To that conservative orb of light and
heat there must have been a peculiar satisfaction in looking down a few
hours earlier upon the battlements and gables of Oldenhurst, whose base
was deeply embedded in the matured foundations and settled traditions
of an English county. For the rising sun had for ten centuries found
Oldenhurst in its place, from the heavy stone terrace that covered the
dead-and-forgotten wall, where a Roman sentinel had once paced, to
the little grating in the cloistered quadrangle, where it had seen a
Cistercian brother place the morning dole. It had daily welcomed the
growth of this vast and picturesque excrescence of the times; it had
smiled every morning upon this formidable yet quaint incrustation
of power and custom, ignoring, as Oldenhurst itself had ignored, the
generations who possessed it, the men who built it, the men who carried
it with fire and sword, the men who had lied and cringed for it, the
King who had given it to a favorite, the few brave hearts who had died
for it in exile, and the one or two who had bought and paid for it.
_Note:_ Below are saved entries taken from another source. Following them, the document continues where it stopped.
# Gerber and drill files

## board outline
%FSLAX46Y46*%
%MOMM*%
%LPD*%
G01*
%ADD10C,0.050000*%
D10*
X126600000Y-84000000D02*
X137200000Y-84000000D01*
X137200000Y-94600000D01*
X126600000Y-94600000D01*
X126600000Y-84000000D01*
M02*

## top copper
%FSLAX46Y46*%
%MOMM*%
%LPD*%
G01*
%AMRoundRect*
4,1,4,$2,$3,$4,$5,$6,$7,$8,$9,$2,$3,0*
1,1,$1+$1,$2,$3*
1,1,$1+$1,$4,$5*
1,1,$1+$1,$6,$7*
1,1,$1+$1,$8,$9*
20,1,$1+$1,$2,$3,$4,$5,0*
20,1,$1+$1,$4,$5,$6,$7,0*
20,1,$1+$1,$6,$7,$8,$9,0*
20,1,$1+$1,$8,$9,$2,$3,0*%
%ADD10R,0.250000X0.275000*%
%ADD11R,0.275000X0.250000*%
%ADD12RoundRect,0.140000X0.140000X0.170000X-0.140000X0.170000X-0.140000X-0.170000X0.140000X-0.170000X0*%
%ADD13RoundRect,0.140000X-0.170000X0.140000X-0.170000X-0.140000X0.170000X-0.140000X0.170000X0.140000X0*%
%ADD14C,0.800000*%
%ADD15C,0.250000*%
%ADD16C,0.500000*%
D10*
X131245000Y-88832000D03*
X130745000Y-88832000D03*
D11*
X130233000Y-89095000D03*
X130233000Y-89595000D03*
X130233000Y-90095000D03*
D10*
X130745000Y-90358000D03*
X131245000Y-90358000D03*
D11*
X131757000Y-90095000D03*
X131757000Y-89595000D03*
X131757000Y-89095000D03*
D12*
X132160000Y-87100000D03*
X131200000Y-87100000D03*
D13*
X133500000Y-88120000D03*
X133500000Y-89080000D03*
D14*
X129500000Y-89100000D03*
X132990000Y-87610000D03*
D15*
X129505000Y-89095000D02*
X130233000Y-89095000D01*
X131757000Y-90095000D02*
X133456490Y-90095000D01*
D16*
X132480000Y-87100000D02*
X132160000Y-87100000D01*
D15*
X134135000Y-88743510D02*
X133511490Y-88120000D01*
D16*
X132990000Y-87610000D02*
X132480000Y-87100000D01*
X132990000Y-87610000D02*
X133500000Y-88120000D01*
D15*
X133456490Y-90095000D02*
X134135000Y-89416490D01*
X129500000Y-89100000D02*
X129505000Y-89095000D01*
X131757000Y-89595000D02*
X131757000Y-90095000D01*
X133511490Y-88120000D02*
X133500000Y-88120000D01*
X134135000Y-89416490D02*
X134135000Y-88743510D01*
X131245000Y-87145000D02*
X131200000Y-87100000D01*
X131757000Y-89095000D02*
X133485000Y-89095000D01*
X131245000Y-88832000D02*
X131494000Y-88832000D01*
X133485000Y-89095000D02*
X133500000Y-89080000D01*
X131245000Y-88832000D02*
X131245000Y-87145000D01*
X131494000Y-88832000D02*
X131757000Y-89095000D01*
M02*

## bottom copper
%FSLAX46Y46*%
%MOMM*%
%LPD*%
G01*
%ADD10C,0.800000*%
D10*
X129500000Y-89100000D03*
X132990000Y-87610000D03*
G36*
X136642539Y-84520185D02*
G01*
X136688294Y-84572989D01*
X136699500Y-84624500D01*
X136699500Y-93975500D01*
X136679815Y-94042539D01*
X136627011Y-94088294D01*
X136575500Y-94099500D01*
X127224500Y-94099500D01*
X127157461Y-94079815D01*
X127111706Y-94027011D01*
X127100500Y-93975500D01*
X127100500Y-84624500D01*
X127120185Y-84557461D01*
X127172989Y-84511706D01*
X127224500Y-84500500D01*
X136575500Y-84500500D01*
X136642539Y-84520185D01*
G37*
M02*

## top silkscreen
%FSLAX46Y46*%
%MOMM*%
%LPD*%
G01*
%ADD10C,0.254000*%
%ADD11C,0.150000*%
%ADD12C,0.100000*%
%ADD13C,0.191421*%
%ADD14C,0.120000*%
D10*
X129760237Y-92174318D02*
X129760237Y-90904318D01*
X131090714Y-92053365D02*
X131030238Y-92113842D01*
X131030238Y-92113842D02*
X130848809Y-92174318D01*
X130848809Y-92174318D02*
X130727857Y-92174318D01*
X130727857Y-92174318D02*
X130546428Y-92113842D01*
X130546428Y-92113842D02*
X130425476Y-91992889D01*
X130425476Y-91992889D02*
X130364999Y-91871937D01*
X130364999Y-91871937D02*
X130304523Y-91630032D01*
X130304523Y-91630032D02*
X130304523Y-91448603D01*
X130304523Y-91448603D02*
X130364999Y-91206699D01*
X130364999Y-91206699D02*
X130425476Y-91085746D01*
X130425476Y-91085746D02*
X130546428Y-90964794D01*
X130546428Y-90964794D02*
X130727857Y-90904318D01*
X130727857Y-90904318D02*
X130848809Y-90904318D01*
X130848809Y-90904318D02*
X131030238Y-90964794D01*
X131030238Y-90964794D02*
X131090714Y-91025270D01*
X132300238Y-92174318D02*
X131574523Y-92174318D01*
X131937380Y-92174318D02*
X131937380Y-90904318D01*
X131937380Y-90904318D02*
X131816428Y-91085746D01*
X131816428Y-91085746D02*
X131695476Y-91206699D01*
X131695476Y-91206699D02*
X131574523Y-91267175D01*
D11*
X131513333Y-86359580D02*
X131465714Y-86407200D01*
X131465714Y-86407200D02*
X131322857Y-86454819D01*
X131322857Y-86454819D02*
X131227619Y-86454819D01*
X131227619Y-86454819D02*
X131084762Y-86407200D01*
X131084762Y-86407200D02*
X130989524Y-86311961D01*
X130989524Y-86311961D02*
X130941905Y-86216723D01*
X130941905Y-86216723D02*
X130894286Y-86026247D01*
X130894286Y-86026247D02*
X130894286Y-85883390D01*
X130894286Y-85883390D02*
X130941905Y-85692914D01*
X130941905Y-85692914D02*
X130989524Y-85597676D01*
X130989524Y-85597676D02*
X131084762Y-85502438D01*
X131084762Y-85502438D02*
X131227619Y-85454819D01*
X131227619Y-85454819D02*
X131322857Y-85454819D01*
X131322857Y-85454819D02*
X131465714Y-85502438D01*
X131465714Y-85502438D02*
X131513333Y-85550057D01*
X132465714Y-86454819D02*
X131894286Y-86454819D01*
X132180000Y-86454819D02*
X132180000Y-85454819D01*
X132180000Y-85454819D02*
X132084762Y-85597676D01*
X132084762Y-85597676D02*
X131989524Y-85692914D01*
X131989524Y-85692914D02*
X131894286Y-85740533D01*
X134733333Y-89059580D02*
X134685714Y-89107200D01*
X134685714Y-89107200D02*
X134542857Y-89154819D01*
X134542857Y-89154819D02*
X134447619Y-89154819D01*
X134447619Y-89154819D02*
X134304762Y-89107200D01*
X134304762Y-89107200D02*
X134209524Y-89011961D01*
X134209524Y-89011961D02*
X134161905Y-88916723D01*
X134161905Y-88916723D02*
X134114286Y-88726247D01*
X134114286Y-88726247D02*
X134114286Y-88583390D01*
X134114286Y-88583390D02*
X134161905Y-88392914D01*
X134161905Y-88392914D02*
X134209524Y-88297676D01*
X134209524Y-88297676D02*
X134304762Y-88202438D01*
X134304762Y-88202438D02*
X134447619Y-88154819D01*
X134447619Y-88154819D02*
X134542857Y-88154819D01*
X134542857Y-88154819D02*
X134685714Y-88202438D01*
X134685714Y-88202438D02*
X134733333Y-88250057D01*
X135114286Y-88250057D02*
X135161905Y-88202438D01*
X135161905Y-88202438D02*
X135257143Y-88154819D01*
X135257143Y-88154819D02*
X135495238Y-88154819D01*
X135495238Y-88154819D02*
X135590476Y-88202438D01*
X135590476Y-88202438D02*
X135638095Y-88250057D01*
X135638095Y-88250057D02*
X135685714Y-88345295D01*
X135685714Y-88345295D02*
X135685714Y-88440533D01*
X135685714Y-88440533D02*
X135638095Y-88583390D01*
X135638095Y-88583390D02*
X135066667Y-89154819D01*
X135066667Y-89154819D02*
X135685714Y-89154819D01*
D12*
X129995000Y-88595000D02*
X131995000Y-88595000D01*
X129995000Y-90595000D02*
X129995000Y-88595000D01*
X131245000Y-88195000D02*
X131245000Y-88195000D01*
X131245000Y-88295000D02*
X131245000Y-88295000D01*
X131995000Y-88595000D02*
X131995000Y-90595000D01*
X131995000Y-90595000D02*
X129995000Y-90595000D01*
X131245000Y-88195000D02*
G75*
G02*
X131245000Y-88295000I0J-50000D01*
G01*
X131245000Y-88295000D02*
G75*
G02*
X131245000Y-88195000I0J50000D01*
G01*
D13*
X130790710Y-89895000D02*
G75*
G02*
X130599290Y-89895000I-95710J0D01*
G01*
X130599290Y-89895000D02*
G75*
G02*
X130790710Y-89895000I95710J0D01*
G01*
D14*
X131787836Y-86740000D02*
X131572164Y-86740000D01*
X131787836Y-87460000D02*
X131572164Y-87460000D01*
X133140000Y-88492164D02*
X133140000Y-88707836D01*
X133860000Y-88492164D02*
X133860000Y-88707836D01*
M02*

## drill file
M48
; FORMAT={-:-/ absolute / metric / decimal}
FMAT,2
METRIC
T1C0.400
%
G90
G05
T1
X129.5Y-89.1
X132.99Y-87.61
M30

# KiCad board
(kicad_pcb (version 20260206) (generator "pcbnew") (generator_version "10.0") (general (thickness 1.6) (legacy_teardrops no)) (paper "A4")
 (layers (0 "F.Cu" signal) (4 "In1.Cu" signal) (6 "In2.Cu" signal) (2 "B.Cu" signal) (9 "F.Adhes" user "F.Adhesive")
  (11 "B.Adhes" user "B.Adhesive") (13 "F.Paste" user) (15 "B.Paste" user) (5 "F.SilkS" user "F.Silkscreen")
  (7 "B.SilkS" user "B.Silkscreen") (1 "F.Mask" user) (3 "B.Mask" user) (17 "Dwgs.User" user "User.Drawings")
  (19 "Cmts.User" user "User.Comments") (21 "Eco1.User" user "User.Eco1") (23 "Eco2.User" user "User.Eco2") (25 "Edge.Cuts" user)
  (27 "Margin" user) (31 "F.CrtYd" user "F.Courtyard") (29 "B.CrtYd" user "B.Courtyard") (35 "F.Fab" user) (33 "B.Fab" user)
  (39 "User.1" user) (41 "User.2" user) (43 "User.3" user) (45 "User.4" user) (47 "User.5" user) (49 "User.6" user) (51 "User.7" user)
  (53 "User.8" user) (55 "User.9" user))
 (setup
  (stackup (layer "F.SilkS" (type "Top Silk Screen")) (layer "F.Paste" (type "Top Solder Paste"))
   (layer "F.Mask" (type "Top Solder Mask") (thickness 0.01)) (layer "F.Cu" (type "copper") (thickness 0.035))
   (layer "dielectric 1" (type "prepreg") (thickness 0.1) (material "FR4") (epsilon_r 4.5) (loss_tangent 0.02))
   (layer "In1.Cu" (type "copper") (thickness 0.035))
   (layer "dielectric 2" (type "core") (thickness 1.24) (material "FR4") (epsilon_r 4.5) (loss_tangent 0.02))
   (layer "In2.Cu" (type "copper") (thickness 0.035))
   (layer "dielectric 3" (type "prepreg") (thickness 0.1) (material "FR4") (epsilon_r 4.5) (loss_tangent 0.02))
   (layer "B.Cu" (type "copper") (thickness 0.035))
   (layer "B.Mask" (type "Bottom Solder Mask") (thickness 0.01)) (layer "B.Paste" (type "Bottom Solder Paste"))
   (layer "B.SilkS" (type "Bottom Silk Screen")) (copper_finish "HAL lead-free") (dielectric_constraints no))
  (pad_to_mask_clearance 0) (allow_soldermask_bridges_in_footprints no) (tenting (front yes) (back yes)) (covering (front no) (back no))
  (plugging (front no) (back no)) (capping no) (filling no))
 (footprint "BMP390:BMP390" (layer "F.Cu") (at 130.995 89.595)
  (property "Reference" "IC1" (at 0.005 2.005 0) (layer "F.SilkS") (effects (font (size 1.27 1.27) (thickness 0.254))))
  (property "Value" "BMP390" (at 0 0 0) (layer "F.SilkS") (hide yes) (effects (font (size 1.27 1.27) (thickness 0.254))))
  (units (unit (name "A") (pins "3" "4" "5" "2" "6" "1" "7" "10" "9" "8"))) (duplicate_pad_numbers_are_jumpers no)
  (fp_line (start -1 -1) (end 1 -1) (stroke (width 0.1) (type solid)) (layer "F.SilkS"))
  (fp_line (start -1 1) (end -1 -1) (stroke (width 0.1) (type solid)) (layer "F.SilkS"))
  (fp_line (start 0.25 -1.4) (end 0.25 -1.4) (stroke (width 0.1) (type solid)) (layer "F.SilkS"))
  (fp_line (start 0.25 -1.3) (end 0.25 -1.3) (stroke (width 0.1) (type solid)) (layer "F.SilkS"))
  (fp_line (start 1 -1) (end 1 1) (stroke (width 0.1) (type solid)) (layer "F.SilkS"))
  (fp_line (start 1 1) (end -1 1) (stroke (width 0.1) (type solid)) (layer "F.SilkS"))
  (fp_arc (start 0.25 -1.4) (mid 0.3 -1.35) (end 0.25 -1.3) (stroke (width 0.1) (type solid)) (layer "F.SilkS"))
  (fp_arc (start 0.25 -1.3) (mid 0.2 -1.35) (end 0.25 -1.4) (stroke (width 0.1) (type solid)) (layer "F.SilkS"))
  (fp_circle (center -0.3 0.3) (end -0.4 0.2) (stroke (width 0.1) (type solid)) (fill yes) (layer "F.SilkS"))
  (pad "1" smd rect (at 0.25 -0.763) (size 0.25 0.275) (layers "F.Cu" "F.Mask" "F.Paste") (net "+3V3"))
  (pad "2" smd rect (at -0.25 -0.763) (size 0.25 0.275) (layers "F.Cu" "F.Mask" "F.Paste") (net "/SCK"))
  (pad "3" smd rect (at -0.762 -0.5 90) (size 0.25 0.275) (layers "F.Cu" "F.Mask" "F.Paste") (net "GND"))
  (pad "4" smd rect (at -0.762 0 90) (size 0.25 0.275) (layers "F.Cu" "F.Mask" "F.Paste") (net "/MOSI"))
  (pad "5" smd rect (at -0.762 0.5 90) (size 0.25 0.275) (layers "F.Cu" "F.Mask" "F.Paste") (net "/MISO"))
  (pad "6" smd rect (at -0.25 0.763) (size 0.25 0.275) (layers "F.Cu" "F.Mask" "F.Paste") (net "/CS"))
  (pad "7" smd rect (at 0.25 0.763) (size 0.25 0.275) (layers "F.Cu" "F.Mask" "F.Paste") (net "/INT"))
  (pad "8" smd rect (at 0.762 0.5 90) (size 0.25 0.275) (layers "F.Cu" "F.Mask" "F.Paste") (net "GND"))
  (pad "9" smd rect (at 0.762 0 90) (size 0.25 0.275) (layers "F.Cu" "F.Mask" "F.Paste") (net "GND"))
  (pad "10" smd rect (at 0.762 -0.5 90) (size 0.25 0.275) (layers "F.Cu" "F.Mask" "F.Paste") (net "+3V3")))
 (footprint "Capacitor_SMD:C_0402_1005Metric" (layer "F.Cu") (at 131.68 87.1 180)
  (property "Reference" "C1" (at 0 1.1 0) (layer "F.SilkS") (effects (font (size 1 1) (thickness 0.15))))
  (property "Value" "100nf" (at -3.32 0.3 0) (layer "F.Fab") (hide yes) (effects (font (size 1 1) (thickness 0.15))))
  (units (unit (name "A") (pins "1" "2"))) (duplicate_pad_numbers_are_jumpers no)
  (fp_line (start -0.107836 0.36) (end 0.107836 0.36) (stroke (width 0.12) (type solid)) (layer "F.SilkS"))
  (fp_line (start -0.107836 -0.36) (end 0.107836 -0.36) (stroke (width 0.12) (type solid)) (layer "F.SilkS"))
  (pad "1" smd roundrect (at -0.48 0 180) (size 0.56 0.62) (layers "F.Cu" "F.Mask" "F.Paste") (roundrect_rratio 0.25) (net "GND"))
  (pad "2" smd roundrect (at 0.48 0 180) (size 0.56 0.62) (layers "F.Cu" "F.Mask" "F.Paste") (roundrect_rratio 0.25) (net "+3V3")))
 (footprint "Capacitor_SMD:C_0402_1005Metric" (layer "F.Cu") (at 133.5 88.6 -90)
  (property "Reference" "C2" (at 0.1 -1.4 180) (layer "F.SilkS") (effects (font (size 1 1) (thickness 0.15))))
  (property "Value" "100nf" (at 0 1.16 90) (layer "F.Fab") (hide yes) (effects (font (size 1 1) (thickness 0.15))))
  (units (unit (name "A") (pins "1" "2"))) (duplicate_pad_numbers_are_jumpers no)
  (fp_line (start -0.107836 0.36) (end 0.107836 0.36) (stroke (width 0.12) (type solid)) (layer "F.SilkS"))
  (fp_line (start -0.107836 -0.36) (end 0.107836 -0.36) (stroke (width 0.12) (type solid)) (layer "F.SilkS"))
  (pad "1" smd roundrect (at -0.48 0 270) (size 0.56 0.62) (layers "F.Cu" "F.Mask" "F.Paste") (roundrect_rratio 0.25) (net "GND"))
  (pad "2" smd roundrect (at 0.48 0 270) (size 0.56 0.62) (layers "F.Cu" "F.Mask" "F.Paste") (roundrect_rratio 0.25) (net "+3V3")))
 (gr_rect (start 126.6 84) (end 137.2 94.6) (stroke (width 0.05) (type default)) (fill no) (layer "Edge.Cuts"))
 (segment (start 129.505 89.095) (end 130.233 89.095) (width 0.25) (layer "F.Cu") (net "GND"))
 (segment (start 131.757 90.095) (end 133.45649 90.095) (width 0.25) (layer "F.Cu") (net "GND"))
For
Oldenhurst had absorbed all these and more until it had become a story
of the past, incarnate in stone, greenwood, and flower; it had even
drained the life-blood from adjacent hamlets, repaying them with tumuli
growths like its own, in the shape of purposeless lodges, quaintly
incompetent hospitals and schools, and churches where the inestimable
blessing and knowledge of its gospel were taught and fostered.